Are the effects of anti-vaccination attitudes perpetuated by social media platforms? Annette Prieto, a Master’s in Biodefense student at the Schar School of Policy and Government at George Mason University, set out to find out.
Prieto was the first in her family to be born in the United States after her family immigrated from Cuba in 1989. Her passion for biosecurity led her to the path of public service. “I have always had an interest in the spread and containment of infectious diseases,” she said.
“For my capstone project, I am taking a look at the viral spread of anti-vaccination attitudes on social media—specifically Twitter,” said Prieto. “I’m trying to see if [posters’] speech increases fear of vaccines.”
Prieto is collecting original tweets and analyzing the reactions in Twitter replies. She is using social media tracking software to create a data set of tweets and organizing the data based on whether or not the tweet author views vaccines in a positive or negative light.
“So far, it looks like Twitter is not spreading rhetoric as significantly as expected,” she said. “One tweet pushing anti-vaccination speech has many more replies contradicting them.”
While studying microbiology and immunology in her hometown of Miami, Fla., Prieto found herself wanting to learn more about biodefense. “I became interested in biodefense once I heard about infectious diseases being used in terror attacks,” she said. “In one of my classes, there was a single slide discussing bioterrorism, and after learning more, I knew I wanted to explore further.
“I chose to continue my education at the Schar School, because the program offered biodefense, security studies, and global health security,” she said. “The classes cover accidental biothreats, natural events, and intentional acts of bioterrorism.”
While Prieto chose the Schar School for the wide array of curriculum, she was also drawn in by the impressive faculty.

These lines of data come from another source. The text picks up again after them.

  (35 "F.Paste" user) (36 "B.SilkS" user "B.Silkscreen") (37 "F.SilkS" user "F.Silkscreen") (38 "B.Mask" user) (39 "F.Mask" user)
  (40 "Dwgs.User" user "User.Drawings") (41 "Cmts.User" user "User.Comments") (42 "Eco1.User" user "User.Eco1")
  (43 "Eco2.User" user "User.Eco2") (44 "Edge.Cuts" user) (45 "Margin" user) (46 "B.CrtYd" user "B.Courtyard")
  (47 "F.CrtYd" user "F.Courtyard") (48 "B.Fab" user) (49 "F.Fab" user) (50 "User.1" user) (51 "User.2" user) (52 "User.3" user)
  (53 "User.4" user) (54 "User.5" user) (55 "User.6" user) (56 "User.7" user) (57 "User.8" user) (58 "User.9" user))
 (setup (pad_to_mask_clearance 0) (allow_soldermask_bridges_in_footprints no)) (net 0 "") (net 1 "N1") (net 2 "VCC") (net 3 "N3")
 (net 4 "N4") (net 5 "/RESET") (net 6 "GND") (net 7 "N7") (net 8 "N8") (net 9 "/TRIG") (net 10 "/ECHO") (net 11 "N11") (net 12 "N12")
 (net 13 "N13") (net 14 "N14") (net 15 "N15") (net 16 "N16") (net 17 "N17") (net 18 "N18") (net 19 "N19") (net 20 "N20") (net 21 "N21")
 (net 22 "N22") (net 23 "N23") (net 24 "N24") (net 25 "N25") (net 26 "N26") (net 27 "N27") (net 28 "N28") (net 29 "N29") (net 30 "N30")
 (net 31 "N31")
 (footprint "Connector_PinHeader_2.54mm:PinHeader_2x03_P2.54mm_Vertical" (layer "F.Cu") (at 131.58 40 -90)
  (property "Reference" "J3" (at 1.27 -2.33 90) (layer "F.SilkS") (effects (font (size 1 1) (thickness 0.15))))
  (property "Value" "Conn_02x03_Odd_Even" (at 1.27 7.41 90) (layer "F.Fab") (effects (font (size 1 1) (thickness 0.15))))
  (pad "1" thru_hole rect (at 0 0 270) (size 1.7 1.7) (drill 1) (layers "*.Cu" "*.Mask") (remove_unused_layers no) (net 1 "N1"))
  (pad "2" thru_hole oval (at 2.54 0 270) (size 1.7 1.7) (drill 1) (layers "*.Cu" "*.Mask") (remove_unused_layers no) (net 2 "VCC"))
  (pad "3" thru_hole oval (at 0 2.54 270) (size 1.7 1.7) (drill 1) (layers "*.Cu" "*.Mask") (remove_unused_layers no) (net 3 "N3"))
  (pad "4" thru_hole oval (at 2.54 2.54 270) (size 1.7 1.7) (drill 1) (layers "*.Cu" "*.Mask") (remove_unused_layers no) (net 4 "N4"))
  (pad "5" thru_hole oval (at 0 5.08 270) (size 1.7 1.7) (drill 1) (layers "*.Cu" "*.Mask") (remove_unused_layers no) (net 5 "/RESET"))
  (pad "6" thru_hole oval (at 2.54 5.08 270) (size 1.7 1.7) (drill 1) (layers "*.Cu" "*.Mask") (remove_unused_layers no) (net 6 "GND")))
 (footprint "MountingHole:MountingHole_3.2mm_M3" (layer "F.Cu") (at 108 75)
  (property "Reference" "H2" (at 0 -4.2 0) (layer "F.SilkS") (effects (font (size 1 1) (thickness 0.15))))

For instance, associate professor and Senior Fellow at the Cato Institute A. Trevor Thrall “has no problem telling students what works and doesn’t work," she said. “He keeps the class up to date on his research and current events.”

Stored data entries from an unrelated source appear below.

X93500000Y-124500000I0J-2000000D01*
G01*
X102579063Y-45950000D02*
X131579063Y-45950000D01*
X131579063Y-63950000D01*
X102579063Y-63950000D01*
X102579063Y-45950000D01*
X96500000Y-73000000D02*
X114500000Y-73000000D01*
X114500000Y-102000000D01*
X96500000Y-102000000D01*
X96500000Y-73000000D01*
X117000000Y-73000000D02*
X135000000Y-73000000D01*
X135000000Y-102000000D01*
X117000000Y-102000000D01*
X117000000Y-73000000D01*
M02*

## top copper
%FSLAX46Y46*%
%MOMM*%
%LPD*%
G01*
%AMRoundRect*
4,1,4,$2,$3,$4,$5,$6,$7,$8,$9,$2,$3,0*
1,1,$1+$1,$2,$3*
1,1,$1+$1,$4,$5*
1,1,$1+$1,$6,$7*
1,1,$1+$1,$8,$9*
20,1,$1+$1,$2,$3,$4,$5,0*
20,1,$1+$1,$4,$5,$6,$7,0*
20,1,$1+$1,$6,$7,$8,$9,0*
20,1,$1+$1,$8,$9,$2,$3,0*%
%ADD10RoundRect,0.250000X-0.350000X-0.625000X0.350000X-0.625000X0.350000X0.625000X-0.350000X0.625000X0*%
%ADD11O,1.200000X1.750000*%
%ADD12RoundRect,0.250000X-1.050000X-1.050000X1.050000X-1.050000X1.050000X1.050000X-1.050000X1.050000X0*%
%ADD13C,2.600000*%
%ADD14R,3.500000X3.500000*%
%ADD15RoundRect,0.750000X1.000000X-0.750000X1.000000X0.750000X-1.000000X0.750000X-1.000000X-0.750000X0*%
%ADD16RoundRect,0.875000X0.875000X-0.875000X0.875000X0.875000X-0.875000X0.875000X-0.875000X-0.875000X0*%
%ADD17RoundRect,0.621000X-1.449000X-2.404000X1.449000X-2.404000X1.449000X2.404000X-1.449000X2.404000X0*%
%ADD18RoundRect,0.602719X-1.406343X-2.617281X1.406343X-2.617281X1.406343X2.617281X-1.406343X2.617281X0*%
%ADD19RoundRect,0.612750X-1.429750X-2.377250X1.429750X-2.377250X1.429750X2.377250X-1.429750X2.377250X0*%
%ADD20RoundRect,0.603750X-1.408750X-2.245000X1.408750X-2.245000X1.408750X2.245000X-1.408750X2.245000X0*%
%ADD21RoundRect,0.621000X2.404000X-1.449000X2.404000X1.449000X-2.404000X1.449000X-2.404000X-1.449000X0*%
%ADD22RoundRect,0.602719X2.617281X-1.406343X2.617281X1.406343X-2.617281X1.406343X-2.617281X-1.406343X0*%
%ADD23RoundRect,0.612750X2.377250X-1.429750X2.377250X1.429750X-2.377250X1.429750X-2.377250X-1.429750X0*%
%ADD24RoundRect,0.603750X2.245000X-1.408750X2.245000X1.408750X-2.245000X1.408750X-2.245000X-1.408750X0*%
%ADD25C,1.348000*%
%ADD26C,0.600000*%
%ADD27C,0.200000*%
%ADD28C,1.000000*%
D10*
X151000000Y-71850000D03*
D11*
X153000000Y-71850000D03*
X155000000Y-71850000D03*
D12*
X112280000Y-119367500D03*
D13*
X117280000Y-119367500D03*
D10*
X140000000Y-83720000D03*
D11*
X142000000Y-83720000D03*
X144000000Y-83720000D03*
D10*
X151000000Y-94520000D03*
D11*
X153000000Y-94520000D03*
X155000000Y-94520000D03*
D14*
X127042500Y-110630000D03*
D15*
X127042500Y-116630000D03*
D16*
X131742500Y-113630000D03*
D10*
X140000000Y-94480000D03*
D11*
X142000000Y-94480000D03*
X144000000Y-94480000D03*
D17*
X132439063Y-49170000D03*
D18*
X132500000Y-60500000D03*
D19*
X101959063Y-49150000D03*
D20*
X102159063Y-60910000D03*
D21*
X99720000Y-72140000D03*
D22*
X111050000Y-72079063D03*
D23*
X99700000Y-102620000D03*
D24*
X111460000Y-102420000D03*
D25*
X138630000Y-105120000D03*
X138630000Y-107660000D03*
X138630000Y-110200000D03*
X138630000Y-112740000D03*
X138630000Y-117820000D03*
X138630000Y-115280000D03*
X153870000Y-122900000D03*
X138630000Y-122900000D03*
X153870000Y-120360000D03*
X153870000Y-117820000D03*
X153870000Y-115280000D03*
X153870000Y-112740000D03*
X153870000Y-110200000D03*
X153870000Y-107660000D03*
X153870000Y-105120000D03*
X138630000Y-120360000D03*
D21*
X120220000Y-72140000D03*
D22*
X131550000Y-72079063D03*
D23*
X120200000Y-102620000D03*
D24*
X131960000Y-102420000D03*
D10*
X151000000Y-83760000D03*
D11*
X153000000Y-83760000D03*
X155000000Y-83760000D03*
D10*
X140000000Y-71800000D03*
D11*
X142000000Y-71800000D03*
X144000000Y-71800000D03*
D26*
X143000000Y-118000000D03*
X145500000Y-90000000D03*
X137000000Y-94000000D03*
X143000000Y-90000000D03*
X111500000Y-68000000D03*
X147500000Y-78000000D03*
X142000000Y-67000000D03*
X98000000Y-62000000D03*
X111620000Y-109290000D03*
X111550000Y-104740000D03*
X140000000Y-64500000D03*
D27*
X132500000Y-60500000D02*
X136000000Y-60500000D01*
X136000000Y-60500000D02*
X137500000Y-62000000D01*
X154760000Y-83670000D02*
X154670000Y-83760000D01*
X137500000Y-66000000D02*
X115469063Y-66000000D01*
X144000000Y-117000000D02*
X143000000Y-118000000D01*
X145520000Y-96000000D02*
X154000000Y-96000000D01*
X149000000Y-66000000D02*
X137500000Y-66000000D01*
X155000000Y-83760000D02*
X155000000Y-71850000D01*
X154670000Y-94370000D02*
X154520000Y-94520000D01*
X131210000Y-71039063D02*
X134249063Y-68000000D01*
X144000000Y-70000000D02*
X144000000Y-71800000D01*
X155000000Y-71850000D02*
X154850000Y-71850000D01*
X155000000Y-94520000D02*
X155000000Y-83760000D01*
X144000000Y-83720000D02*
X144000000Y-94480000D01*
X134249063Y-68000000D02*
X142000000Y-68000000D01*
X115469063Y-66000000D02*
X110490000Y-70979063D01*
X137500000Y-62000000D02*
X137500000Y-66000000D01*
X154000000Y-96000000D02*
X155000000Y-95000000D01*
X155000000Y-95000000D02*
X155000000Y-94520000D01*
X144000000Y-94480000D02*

“Annette Prieto is a great example of the intellectual ambition and concern for public policy you see in the biodefense program here at the Schar School,” said Thrall, who has led a student-conducted investigation of social media’s use in campaign fundraising.
“Annette’s capstone project investigates an important new source of anti-vaccination rhetoric: social media. Her project both helps explain why the anti-vaccination movement is gaining traction and provides public health officials a better understanding of what a successful communication campaign will have to look like.”
After graduation in May of 2019, Prieto plans to spend a few years working in biosecurity before returning to the Schar School for a PhD in Biodefense or a related field.